REQUIRED ACTION: From the first line through the one containing "(general (thickness 1.6) (drawings", restate the listing word for word, and give no other lines.

INPUT FOR THIS TASK:
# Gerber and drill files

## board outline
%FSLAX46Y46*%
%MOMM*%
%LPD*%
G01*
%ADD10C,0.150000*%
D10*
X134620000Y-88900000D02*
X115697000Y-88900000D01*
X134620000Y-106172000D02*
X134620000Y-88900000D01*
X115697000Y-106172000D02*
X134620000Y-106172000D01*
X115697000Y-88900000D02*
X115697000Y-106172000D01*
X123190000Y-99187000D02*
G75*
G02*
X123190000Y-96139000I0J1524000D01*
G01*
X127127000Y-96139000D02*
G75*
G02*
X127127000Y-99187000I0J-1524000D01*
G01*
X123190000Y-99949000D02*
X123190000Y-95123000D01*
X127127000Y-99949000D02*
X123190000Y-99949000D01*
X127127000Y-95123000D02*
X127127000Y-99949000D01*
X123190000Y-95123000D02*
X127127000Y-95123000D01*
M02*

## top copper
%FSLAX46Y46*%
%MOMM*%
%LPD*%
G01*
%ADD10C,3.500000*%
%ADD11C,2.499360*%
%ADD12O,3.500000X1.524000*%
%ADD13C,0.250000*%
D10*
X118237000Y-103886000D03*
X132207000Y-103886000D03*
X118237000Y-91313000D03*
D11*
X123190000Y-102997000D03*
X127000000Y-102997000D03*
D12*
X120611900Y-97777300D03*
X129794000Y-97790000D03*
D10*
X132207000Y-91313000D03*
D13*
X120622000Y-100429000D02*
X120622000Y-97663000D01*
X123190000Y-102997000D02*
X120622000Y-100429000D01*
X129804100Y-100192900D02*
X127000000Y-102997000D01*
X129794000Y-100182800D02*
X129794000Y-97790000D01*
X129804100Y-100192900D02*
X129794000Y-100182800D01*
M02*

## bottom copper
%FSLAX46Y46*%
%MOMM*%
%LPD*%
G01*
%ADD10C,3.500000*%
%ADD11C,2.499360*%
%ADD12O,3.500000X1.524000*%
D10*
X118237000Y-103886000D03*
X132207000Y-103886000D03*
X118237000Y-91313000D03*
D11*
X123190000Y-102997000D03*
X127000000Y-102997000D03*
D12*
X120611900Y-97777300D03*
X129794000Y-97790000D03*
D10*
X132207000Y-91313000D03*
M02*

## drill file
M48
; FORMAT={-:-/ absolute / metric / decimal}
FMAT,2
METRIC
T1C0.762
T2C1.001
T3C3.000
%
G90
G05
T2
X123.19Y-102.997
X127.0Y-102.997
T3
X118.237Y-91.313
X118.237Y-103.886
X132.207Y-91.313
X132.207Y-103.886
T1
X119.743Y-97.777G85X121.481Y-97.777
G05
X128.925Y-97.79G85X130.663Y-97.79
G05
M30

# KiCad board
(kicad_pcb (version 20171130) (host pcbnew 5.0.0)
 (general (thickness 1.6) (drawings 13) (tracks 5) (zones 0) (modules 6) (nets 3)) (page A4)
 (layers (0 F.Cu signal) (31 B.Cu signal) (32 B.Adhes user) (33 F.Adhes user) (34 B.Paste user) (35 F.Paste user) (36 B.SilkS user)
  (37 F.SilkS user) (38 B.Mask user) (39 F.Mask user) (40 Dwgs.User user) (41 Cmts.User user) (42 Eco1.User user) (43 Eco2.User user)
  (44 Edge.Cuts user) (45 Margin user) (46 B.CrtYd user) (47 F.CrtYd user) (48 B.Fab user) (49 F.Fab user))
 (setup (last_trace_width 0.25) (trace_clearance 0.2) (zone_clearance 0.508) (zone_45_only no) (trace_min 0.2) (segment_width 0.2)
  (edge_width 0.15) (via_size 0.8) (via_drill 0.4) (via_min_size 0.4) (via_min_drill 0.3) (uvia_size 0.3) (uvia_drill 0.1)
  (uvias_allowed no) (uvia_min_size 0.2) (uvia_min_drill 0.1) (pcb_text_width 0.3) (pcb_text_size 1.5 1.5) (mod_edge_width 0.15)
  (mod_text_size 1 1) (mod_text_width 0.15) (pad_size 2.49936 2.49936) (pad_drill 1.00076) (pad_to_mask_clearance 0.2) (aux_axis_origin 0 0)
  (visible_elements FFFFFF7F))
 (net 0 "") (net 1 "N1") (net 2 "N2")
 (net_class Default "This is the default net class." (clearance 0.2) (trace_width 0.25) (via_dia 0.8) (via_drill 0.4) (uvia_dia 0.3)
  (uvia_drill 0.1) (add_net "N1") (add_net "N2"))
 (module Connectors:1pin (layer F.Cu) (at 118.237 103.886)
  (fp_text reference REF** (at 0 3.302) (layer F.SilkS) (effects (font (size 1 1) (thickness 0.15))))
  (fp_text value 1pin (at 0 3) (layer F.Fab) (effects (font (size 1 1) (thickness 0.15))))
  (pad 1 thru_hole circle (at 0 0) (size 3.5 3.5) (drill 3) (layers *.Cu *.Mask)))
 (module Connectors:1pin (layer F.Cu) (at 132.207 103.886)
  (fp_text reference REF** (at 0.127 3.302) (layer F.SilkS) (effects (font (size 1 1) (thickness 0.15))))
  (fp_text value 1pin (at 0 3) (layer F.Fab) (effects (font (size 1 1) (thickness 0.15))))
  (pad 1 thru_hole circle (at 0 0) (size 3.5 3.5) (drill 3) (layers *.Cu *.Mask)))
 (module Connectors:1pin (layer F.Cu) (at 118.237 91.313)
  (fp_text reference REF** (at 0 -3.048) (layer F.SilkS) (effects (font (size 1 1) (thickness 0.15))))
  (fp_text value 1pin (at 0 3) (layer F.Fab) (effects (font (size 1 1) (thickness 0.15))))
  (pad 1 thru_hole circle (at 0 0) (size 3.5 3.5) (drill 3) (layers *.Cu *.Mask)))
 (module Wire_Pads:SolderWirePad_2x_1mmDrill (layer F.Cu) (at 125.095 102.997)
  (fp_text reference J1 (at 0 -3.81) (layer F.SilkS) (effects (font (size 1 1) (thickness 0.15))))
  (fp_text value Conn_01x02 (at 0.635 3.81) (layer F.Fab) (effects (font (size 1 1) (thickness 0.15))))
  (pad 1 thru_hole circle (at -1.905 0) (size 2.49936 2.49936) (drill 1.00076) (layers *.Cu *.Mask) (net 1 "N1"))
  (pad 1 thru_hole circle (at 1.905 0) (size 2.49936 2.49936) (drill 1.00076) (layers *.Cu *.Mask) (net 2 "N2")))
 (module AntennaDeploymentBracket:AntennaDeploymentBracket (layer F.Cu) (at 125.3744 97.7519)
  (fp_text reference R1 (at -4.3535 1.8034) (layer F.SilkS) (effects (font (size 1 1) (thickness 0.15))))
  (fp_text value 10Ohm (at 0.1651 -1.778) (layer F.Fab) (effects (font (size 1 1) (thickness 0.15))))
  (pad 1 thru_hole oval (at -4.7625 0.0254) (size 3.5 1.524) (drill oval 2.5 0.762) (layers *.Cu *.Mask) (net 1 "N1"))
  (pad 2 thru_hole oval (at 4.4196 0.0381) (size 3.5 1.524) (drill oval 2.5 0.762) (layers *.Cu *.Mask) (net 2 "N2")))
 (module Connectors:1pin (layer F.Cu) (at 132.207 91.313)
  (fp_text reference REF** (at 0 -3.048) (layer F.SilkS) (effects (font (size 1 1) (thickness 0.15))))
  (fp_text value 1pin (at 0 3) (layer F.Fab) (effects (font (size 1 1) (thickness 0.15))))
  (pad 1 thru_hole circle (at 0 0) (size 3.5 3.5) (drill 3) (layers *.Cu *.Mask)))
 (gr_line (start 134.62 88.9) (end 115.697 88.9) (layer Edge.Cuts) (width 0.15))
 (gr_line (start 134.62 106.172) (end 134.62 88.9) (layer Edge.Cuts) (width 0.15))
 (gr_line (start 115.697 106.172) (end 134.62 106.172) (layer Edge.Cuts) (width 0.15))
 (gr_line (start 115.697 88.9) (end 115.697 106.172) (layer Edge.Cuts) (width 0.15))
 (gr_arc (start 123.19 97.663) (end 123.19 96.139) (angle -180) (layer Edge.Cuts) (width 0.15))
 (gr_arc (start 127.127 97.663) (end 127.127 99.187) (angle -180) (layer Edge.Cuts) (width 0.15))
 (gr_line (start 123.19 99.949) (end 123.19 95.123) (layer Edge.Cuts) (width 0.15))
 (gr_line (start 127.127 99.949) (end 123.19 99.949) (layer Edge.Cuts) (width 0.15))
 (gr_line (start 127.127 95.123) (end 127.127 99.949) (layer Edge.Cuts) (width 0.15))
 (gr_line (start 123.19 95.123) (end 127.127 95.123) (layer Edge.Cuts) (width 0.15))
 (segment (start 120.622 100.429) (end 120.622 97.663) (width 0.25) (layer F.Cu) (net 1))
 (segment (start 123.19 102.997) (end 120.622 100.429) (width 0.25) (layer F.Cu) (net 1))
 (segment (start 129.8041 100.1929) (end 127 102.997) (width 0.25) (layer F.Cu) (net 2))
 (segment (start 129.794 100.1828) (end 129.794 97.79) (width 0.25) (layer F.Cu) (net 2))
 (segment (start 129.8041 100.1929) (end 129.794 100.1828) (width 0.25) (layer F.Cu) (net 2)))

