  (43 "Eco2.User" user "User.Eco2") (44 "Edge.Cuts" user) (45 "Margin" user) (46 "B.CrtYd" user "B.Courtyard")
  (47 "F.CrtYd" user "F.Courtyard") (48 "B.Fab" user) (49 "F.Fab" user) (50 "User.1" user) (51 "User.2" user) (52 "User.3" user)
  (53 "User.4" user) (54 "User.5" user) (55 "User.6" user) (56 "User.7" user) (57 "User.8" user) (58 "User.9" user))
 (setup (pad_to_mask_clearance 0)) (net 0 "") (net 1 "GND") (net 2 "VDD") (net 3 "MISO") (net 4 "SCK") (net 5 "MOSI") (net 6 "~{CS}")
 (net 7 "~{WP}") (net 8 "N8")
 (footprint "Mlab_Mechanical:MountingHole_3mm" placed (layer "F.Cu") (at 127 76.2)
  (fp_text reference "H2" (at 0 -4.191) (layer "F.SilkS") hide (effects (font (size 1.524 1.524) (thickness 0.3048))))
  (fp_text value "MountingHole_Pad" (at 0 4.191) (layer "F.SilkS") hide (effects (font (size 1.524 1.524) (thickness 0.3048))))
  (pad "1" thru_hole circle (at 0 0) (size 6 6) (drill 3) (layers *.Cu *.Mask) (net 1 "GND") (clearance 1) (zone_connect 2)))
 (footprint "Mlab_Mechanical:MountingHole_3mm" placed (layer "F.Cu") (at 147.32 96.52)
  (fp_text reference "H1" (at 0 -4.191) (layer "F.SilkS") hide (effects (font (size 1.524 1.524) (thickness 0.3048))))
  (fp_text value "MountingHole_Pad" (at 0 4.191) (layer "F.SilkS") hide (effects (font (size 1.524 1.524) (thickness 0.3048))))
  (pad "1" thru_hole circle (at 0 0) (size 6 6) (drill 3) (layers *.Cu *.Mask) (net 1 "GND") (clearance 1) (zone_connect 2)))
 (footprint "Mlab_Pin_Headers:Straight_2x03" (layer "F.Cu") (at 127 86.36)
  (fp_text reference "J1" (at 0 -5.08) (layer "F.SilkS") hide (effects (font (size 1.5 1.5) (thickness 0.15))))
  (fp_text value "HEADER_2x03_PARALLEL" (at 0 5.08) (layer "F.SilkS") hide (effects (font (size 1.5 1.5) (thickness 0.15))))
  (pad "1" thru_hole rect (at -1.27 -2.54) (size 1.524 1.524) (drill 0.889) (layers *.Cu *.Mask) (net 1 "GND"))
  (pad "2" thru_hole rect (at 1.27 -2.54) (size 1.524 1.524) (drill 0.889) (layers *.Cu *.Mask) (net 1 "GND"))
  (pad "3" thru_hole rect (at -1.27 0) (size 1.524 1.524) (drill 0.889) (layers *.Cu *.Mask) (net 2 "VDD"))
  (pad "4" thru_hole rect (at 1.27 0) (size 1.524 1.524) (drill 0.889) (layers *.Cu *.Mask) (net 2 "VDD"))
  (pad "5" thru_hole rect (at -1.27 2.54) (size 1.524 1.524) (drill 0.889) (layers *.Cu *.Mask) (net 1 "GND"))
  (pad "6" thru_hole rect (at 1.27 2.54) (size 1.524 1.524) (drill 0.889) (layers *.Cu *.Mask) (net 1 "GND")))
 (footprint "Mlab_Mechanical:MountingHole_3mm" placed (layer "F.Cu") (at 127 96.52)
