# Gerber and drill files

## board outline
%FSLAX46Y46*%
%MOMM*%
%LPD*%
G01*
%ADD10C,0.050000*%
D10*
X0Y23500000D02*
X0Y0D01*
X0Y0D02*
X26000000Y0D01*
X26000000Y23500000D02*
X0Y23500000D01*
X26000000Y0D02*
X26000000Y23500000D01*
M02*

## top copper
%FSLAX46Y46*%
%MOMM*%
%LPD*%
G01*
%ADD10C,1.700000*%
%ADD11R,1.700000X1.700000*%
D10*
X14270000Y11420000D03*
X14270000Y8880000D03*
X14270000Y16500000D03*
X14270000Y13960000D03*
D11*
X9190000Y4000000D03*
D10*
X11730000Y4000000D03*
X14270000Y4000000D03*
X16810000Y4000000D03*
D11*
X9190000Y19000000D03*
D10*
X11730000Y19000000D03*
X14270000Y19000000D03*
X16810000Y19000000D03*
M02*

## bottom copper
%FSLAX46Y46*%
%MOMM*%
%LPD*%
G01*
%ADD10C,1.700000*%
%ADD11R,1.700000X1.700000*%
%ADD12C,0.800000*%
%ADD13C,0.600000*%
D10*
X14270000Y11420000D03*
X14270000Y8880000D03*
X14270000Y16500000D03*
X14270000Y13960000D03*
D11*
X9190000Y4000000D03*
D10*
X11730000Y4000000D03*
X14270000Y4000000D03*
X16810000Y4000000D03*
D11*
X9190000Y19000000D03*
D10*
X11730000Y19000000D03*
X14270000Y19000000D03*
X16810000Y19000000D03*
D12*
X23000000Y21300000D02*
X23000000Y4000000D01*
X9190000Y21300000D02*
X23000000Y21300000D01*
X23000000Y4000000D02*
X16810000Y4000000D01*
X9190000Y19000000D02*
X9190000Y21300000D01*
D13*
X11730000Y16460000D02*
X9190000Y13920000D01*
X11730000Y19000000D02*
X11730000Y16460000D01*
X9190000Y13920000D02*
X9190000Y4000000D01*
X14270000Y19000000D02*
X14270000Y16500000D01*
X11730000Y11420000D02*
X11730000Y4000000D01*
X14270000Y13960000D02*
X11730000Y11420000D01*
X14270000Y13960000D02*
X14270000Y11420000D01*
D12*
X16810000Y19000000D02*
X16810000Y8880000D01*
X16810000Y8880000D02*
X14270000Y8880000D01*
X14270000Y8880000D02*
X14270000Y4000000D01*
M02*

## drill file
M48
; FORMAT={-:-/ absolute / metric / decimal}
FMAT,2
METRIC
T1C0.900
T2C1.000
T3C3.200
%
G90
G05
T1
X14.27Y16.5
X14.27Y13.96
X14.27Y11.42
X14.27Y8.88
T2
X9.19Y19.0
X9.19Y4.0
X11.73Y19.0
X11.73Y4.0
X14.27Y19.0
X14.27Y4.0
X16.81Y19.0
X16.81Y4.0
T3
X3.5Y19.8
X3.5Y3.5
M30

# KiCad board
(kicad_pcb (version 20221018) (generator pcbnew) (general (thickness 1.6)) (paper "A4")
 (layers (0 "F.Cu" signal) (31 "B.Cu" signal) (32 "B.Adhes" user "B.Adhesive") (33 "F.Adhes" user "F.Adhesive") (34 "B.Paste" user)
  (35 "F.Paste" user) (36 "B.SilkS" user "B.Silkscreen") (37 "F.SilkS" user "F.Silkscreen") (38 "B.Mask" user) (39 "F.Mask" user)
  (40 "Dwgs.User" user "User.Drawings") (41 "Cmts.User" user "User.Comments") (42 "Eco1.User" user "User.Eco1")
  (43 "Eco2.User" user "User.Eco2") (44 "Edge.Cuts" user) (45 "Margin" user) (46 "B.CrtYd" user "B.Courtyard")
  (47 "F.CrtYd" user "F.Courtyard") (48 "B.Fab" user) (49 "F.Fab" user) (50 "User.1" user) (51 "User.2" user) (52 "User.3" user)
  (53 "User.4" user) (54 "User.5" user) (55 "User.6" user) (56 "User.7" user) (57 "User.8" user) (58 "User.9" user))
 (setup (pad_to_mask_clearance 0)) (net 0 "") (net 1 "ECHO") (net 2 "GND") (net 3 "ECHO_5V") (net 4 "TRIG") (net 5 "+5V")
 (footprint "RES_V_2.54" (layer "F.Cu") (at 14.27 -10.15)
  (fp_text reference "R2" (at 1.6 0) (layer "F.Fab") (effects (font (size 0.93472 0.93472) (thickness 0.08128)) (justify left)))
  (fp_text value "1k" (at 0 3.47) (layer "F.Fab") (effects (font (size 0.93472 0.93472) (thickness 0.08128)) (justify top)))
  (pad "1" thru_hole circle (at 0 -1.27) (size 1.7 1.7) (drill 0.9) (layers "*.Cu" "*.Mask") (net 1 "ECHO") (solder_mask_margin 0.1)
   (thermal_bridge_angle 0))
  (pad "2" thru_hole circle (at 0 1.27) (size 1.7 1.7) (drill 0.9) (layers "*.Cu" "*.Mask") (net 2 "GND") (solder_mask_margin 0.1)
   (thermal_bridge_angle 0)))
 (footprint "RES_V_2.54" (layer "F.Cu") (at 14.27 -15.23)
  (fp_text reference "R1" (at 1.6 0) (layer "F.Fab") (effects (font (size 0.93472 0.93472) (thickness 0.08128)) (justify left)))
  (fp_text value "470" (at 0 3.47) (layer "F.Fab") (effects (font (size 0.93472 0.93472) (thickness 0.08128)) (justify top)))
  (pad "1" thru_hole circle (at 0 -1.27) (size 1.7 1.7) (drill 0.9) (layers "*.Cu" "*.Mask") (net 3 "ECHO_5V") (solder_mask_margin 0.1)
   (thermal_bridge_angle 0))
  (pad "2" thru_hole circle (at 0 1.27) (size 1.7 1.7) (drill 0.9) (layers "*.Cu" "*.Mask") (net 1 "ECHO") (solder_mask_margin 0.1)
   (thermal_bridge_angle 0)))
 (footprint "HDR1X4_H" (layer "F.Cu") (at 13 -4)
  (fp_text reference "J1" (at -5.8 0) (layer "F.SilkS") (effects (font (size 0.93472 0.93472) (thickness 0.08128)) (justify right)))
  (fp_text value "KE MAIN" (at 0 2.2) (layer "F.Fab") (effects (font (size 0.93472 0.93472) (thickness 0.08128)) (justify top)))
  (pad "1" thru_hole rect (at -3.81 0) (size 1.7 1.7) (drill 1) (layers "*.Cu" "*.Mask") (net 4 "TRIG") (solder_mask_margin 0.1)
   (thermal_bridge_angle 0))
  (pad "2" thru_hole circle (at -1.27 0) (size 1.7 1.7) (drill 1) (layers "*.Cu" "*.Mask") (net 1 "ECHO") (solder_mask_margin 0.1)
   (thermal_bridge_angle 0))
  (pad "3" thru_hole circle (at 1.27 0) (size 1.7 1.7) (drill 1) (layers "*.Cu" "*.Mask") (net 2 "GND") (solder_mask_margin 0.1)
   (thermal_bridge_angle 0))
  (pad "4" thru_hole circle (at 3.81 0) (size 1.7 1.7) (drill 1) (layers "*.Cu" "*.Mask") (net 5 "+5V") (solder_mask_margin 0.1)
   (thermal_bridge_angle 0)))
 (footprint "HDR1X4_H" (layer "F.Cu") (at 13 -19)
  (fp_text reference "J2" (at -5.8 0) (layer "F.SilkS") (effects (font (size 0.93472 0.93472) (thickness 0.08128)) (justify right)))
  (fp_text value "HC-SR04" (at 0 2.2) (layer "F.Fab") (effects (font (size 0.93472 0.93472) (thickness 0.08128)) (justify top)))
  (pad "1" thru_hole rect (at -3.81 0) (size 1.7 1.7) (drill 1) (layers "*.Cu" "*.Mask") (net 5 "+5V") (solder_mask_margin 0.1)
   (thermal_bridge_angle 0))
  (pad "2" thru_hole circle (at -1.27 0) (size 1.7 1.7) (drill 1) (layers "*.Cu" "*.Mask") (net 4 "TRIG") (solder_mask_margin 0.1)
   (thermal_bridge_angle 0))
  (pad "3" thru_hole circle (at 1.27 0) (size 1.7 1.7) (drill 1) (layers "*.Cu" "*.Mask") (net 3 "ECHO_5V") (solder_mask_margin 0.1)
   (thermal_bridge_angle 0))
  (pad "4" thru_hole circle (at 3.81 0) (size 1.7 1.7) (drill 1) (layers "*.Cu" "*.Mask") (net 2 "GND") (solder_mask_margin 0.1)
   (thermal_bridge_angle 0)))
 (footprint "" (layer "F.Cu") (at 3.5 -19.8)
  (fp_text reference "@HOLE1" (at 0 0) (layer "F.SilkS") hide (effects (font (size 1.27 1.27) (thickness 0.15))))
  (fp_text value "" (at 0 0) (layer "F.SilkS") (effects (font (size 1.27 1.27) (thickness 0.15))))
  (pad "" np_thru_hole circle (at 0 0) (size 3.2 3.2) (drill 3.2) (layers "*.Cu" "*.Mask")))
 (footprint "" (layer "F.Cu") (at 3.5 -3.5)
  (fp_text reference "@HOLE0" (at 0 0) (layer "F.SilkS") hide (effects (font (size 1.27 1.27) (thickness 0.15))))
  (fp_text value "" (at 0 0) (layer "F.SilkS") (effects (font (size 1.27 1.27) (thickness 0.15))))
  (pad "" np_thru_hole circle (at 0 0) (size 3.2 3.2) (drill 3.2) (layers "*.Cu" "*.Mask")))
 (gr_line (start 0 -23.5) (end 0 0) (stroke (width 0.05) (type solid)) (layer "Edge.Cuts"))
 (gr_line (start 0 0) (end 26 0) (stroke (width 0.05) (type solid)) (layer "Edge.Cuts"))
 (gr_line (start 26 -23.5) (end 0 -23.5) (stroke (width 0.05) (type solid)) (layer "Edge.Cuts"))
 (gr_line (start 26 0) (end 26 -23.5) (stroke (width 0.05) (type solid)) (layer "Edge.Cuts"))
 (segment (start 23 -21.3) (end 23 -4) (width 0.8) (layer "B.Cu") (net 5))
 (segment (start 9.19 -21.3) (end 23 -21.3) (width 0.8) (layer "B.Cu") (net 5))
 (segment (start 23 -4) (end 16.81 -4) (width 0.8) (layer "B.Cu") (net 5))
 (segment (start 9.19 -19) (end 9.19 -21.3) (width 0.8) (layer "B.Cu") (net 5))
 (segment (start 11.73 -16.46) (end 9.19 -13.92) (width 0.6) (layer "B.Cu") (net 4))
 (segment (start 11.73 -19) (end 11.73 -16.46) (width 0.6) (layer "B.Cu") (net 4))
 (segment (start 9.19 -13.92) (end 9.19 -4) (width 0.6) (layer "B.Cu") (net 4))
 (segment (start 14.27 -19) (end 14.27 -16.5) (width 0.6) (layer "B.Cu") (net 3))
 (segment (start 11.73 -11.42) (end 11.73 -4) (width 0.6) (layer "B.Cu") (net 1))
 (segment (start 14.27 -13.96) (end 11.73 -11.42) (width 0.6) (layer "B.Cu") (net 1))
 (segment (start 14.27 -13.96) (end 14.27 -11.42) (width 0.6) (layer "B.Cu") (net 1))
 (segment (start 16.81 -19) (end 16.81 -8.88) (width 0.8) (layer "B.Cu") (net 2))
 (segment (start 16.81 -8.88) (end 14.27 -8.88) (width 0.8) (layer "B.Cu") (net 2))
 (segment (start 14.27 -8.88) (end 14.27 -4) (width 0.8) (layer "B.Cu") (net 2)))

TASK RESPONSE:
# Gerber and drill files

## board outline
%FSLAX46Y46*%
%MOMM*%
%LPD*%
G01*
%ADD10C,0.150000*%
D10*
X134620000Y-88900000D02*
X115697000Y-88900000D01*
X134620000Y-106172000D02*
X134620000Y-88900000D01*
X115697000Y-106172000D02*
X134620000Y-106172000D01*
X115697000Y-88900000D02*
X115697000Y-106172000D01*
X123190000Y-99187000D02*
G75*
G02*
X123190000Y-96139000I0J1524000D01*
G01*
X127127000Y-96139000D02*
G75*
G02*
X127127000Y-99187000I0J-1524000D01*
G01*
X123190000Y-99949000D02*
X123190000Y-95123000D01*
X127127000Y-99949000D02*
X123190000Y-99949000D01*
X127127000Y-95123000D02*
X127127000Y-99949000D01*
X123190000Y-95123000D02*
X127127000Y-95123000D01*
M02*

## top copper
%FSLAX46Y46*%
%MOMM*%
%LPD*%
G01*
%ADD10C,3.500000*%
%ADD11C,2.499360*%
%ADD12O,3.500000X1.524000*%
%ADD13C,0.250000*%
D10*
X118237000Y-103886000D03*
X132207000Y-103886000D03*
X118237000Y-91313000D03*
D11*
X123190000Y-102997000D03*
X127000000Y-102997000D03*
D12*
X120611900Y-97777300D03*
X129794000Y-97790000D03*
D10*
X132207000Y-91313000D03*
D13*
X120622000Y-100429000D02*
X120622000Y-97663000D01*
X123190000Y-102997000D02*
X120622000Y-100429000D01*
X129804100Y-100192900D02*
X127000000Y-102997000D01*
X129794000Y-100182800D02*
X129794000Y-97790000D01*
X129804100Y-100192900D02*
X129794000Y-100182800D01*
M02*

## bottom copper
%FSLAX46Y46*%
%MOMM*%
%LPD*%
G01*
%ADD10C,3.500000*%
%ADD11C,2.499360*%
%ADD12O,3.500000X1.524000*%
D10*
X118237000Y-103886000D03*
X132207000Y-103886000D03*
X118237000Y-91313000D03*
D11*
X123190000Y-102997000D03*
X127000000Y-102997000D03*
D12*
X120611900Y-97777300D03*
X129794000Y-97790000D03*
D10*
X132207000Y-91313000D03*
M02*

## drill file
M48
; FORMAT={-:-/ absolute / metric / decimal}
FMAT,2
METRIC
T1C0.762
T2C1.001
T3C3.000
%
G90
G05
T2
X123.19Y-102.997
X127.0Y-102.997
T3
X118.237Y-91.313
X118.237Y-103.886
X132.207Y-91.313
X132.207Y-103.886
T1
X119.743Y-97.777G85X121.481Y-97.777
G05
X128.925Y-97.79G85X130.663Y-97.79
G05
M30

# KiCad board
(kicad_pcb (version 20171130) (host pcbnew 5.0.0)
 (general (thickness 1.6) (drawings 13) (tracks 5) (zones 0) (modules 6) (nets 3)) (page A4)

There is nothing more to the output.